**TO DO**
In the listing below, locate the line containing "X10720000Y-7590000D02*" and the line containing "X15000000Y-4140000D02*". Output both of them and every line between, exactly as written, and nothing more.
--- DATA EXTRACTS Enclosed Below ---
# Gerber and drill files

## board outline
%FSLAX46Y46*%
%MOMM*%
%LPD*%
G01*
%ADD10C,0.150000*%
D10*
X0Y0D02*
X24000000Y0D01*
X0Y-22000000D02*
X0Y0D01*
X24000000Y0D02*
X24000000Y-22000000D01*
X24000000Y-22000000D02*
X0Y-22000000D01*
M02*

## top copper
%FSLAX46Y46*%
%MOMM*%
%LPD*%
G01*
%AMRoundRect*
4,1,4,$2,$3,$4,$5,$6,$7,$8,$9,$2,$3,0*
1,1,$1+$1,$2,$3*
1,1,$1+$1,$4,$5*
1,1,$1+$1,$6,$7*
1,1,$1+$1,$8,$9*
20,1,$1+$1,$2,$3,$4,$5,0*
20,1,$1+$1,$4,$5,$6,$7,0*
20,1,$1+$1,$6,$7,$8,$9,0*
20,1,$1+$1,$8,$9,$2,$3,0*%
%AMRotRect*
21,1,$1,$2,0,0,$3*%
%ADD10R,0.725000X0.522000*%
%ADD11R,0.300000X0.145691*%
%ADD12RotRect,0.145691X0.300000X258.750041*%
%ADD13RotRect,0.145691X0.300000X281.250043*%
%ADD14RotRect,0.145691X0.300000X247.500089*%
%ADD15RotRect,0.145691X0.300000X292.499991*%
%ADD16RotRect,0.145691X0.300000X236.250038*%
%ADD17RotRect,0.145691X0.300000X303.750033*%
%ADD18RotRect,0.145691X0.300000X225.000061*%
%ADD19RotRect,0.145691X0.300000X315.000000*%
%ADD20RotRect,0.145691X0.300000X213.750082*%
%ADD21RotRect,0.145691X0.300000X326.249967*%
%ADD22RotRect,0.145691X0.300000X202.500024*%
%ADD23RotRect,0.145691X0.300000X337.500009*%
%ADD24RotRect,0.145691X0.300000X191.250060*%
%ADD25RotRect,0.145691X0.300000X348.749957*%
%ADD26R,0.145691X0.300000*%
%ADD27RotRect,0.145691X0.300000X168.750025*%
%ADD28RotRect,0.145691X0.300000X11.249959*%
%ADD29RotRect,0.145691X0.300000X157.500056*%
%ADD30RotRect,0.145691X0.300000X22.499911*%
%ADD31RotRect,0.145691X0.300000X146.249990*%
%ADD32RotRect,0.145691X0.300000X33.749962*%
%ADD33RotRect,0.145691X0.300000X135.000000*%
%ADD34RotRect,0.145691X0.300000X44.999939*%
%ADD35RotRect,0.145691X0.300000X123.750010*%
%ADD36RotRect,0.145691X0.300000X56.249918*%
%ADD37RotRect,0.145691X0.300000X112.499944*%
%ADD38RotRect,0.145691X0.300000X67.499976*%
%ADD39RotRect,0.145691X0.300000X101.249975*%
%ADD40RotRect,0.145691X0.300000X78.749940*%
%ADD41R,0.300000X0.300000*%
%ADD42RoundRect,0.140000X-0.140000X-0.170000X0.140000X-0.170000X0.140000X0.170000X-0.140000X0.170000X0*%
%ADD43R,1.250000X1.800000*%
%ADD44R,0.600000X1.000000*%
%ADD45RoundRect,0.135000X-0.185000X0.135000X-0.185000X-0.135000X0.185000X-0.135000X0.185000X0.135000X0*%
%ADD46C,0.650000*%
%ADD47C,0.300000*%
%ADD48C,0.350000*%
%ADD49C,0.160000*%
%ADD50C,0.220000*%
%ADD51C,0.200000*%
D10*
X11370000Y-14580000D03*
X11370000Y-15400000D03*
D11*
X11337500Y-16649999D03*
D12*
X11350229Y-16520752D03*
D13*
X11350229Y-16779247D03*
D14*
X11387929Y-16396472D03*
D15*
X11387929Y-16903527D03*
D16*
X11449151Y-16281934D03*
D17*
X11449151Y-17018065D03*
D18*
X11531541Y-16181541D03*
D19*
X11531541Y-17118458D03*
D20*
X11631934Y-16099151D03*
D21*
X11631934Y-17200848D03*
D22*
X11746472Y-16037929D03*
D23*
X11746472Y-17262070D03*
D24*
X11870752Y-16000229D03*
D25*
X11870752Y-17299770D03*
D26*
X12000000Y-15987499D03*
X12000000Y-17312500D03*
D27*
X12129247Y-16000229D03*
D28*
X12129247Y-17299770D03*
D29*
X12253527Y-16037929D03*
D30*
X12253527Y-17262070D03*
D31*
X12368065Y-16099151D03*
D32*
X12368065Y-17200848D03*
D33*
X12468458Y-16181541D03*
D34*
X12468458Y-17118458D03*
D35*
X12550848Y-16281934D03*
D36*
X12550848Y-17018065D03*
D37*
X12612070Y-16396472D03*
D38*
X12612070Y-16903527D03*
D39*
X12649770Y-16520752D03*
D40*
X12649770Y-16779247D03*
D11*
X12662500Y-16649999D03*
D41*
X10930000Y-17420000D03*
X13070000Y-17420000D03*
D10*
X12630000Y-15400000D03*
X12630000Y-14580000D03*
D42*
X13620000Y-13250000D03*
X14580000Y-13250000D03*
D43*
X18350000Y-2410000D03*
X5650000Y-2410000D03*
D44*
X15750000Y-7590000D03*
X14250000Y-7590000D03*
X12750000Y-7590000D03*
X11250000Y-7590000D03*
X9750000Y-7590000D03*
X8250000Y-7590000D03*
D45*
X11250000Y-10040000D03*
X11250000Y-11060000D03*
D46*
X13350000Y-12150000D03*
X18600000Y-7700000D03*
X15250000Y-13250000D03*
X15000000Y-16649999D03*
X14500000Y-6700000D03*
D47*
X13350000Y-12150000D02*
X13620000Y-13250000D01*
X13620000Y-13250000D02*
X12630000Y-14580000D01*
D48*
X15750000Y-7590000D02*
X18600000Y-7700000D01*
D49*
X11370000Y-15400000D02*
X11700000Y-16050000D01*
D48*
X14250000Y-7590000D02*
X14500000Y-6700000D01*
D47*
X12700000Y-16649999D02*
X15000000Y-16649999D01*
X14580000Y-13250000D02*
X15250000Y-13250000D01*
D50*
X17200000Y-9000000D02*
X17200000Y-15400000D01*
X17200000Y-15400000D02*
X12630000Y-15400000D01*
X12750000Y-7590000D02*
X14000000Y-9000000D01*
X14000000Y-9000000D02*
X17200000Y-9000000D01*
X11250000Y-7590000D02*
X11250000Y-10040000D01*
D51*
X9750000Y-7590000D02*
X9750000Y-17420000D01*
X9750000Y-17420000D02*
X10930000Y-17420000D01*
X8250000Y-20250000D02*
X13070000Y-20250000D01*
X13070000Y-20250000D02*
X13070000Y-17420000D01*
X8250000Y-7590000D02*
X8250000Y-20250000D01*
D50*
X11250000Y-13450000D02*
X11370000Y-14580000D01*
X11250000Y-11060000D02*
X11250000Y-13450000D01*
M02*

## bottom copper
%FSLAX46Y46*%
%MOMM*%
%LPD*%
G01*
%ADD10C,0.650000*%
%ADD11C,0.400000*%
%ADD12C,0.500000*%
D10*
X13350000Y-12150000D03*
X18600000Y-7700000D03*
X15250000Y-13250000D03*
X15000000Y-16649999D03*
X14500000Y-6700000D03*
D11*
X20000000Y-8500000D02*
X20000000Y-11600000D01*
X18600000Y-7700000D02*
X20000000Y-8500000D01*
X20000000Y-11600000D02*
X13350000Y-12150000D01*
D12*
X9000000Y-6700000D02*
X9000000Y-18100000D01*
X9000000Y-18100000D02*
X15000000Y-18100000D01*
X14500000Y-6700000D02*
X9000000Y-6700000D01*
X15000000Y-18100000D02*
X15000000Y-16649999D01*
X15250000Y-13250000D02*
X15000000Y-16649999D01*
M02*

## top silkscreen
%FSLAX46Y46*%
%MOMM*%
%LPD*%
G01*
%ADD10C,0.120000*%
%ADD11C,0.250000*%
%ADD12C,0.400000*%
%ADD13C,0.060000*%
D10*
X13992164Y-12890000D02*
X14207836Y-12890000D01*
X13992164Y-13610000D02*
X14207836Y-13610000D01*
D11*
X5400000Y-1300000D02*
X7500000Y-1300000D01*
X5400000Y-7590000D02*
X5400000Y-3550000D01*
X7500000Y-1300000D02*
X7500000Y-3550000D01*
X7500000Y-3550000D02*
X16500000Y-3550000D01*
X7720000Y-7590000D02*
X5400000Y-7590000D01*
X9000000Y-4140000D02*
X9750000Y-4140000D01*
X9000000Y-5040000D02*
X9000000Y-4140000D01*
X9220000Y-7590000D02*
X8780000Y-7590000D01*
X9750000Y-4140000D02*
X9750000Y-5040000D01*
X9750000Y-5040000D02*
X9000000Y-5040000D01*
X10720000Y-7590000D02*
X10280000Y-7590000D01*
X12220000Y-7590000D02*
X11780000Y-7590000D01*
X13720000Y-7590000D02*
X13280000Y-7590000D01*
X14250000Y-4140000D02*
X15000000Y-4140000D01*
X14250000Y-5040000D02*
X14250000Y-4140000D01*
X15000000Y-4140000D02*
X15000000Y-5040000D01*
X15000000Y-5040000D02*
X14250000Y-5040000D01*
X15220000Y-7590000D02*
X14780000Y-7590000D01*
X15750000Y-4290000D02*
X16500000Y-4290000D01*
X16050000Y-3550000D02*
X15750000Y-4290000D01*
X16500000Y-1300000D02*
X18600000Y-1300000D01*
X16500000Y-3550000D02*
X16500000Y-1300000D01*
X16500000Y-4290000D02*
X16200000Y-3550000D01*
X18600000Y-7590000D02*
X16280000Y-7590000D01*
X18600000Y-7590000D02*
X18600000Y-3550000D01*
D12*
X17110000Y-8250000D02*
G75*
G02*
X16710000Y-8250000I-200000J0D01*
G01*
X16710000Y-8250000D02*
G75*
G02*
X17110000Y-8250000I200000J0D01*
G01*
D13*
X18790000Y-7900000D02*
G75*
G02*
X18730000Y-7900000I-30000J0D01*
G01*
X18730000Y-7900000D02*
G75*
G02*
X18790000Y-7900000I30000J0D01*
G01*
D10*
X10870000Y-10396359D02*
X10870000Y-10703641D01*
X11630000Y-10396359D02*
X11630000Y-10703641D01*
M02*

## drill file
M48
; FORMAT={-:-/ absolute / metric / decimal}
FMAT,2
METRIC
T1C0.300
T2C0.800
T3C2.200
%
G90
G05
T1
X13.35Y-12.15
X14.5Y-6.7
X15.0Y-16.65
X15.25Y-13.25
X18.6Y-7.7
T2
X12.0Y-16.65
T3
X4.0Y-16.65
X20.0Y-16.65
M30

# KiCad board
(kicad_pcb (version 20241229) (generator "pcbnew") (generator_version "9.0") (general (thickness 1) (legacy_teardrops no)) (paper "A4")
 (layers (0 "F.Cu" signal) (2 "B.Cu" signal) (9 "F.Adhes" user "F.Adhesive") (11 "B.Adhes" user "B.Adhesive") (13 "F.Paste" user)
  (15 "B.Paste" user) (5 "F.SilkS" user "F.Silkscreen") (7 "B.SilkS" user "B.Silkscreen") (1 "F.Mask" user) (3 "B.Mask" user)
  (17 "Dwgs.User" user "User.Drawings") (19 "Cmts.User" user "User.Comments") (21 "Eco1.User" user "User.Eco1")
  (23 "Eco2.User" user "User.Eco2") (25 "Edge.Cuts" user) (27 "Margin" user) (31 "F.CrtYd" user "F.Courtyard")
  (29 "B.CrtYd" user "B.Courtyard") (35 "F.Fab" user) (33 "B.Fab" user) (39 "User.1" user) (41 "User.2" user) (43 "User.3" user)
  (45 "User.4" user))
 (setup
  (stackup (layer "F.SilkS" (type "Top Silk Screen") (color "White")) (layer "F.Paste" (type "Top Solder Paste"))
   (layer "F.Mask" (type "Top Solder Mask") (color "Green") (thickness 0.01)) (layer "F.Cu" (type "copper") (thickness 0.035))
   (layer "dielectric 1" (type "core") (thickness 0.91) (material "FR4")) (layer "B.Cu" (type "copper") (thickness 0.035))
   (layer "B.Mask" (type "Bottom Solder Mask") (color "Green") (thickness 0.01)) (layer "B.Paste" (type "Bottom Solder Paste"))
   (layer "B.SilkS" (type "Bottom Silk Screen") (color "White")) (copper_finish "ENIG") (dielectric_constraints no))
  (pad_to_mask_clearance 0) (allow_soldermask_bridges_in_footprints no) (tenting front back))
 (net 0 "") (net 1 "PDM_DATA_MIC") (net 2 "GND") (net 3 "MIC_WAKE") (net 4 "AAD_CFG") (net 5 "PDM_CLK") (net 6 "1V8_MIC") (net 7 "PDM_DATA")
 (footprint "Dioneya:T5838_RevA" (layer "F.Cu") (at 12 16)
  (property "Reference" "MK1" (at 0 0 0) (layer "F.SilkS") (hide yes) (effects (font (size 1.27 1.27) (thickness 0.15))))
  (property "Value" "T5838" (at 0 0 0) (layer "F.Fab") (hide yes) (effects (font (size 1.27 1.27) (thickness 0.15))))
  (pad "" np_thru_hole circle (at 0 0.649999) (size 0.8 0.8) (drill 0.8) (layers "*.Cu" "*.Mask"))
  (pad "1" smd rect (at -0.63 -1.42 90) (size 0.522 0.725) (layers "F.Cu" "F.Mask" "F.Paste") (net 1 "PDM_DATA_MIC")
   (solder_paste_margin -0.05) (thermal_bridge_angle 45))
  (pad "2" smd rect (at -0.63 -0.6 90) (size 0.522 0.725) (layers "F.Cu" "F.Mask" "F.Paste") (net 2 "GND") (solder_paste_margin -0.05)
   (thermal_bridge_angle 45))
  (pad "3" smd rect (at -0.6625 0.649999 270) (size 0.145691 0.3) (layers "F.Cu" "F.Mask") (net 2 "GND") (thermal_bridge_angle 45))
  (pad "3" smd rect (at -0.649771 0.520752 258.750041) (size 0.145691 0.3) (layers "F.Cu" "F.Mask") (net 2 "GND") (thermal_bridge_angle 45))
  (pad "3" smd rect (at -0.649771 0.779247 281.250043) (size 0.145691 0.3) (layers "F.Cu" "F.Mask") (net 2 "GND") (thermal_bridge_angle 45))
  (pad "3" smd rect (at -0.612071 0.396472 247.500089) (size 0.145691 0.3) (layers "F.Cu" "F.Mask") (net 2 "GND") (thermal_bridge_angle 45))
  (pad "3" smd rect (at -0.612071 0.903527 292.499991) (size 0.145691 0.3) (layers "F.Cu" "F.Mask") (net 2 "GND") (thermal_bridge_angle 45))
  (pad "3" smd rect (at -0.550849 0.281934 236.250038) (size 0.145691 0.3) (layers "F.Cu" "F.Mask") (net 2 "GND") (thermal_bridge_angle 45))
  (pad "3" smd rect (at -0.550849 1.018065 303.750033) (size 0.145691 0.3) (layers "F.Cu" "F.Mask") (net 2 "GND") (thermal_bridge_angle 45))
  (pad "3" smd rect (at -0.468459 0.181541 225.000061) (size 0.145691 0.3) (layers "F.Cu" "F.Mask") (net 2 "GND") (thermal_bridge_angle 45))
  (pad "3" smd rect (at -0.468459 1.118458 315) (size 0.145691 0.3) (layers "F.Cu" "F.Mask") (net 2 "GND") (thermal_bridge_angle 45))
  (pad "3" smd rect (at -0.368066 0.099151 213.750082) (size 0.145691 0.3) (layers "F.Cu" "F.Mask") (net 2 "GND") (thermal_bridge_angle 45))
  (pad "3" smd rect (at -0.368066 1.200848 326.249967) (size 0.145691 0.3) (layers "F.Cu" "F.Mask") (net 2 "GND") (thermal_bridge_angle 45))
  (pad "3" smd rect (at -0.253528 0.037929 202.500024) (size 0.145691 0.3) (layers "F.Cu" "F.Mask") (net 2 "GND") (thermal_bridge_angle 45))
  (pad "3" smd rect (at -0.253528 1.26207 337.500009) (size 0.145691 0.3) (layers "F.Cu" "F.Mask") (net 2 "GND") (thermal_bridge_angle 45))
  (pad "3" smd rect (at -0.129248 0.000229 191.25006) (size 0.145691 0.3) (layers "F.Cu" "F.Mask") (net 2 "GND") (thermal_bridge_angle 45))
  (pad "3" smd rect (at -0.129248 1.29977 348.749957) (size 0.145691 0.3) (layers "F.Cu" "F.Mask") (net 2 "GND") (thermal_bridge_angle 45))
  (pad "3" smd rect (at 0 -0.012501 180) (size 0.145691 0.3) (layers "F.Cu" "F.Mask") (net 2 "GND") (thermal_bridge_angle 45))
  (pad "3" smd rect (at 0 1.3125) (size 0.145691 0.3) (layers "F.Cu" "F.Mask") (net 2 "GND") (thermal_bridge_angle 45))
  (pad "3" smd rect (at 0.129247 0.000229 168.750025) (size 0.145691 0.3) (layers "F.Cu" "F.Mask") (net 2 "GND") (thermal_bridge_angle 45))
  (pad "3" smd rect (at 0.129247 1.29977 11.249959) (size 0.145691 0.3) (layers "F.Cu" "F.Mask") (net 2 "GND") (thermal_bridge_angle 45))
  (pad "3" smd rect (at 0.253527 0.037929 157.500056) (size 0.145691 0.3) (layers "F.Cu" "F.Mask") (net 2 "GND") (thermal_bridge_angle 45))
  (pad "3" smd rect (at 0.253527 1.26207 22.499911) (size 0.145691 0.3) (layers "F.Cu" "F.Mask") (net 2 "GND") (thermal_bridge_angle 45))
  (pad "3" smd rect (at 0.368065 0.099151 146.24999) (size 0.145691 0.3) (layers "F.Cu" "F.Mask") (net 2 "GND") (thermal_bridge_angle 45))
  (pad "3" smd rect (at 0.368065 1.200848 33.749962) (size 0.145691 0.3) (layers "F.Cu" "F.Mask") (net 2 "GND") (thermal_bridge_angle 45))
--- End of Enclosed DATA EXTRACTS ---
**RESULT FOR THIS EXERCISE**
X10720000Y-7590000D02*
X10280000Y-7590000D01*
X12220000Y-7590000D02*
X11780000Y-7590000D01*
X13720000Y-7590000D02*
X13280000Y-7590000D01*
X14250000Y-4140000D02*
X15000000Y-4140000D01*
X14250000Y-5040000D02*
X14250000Y-4140000D01*
X15000000Y-4140000D02*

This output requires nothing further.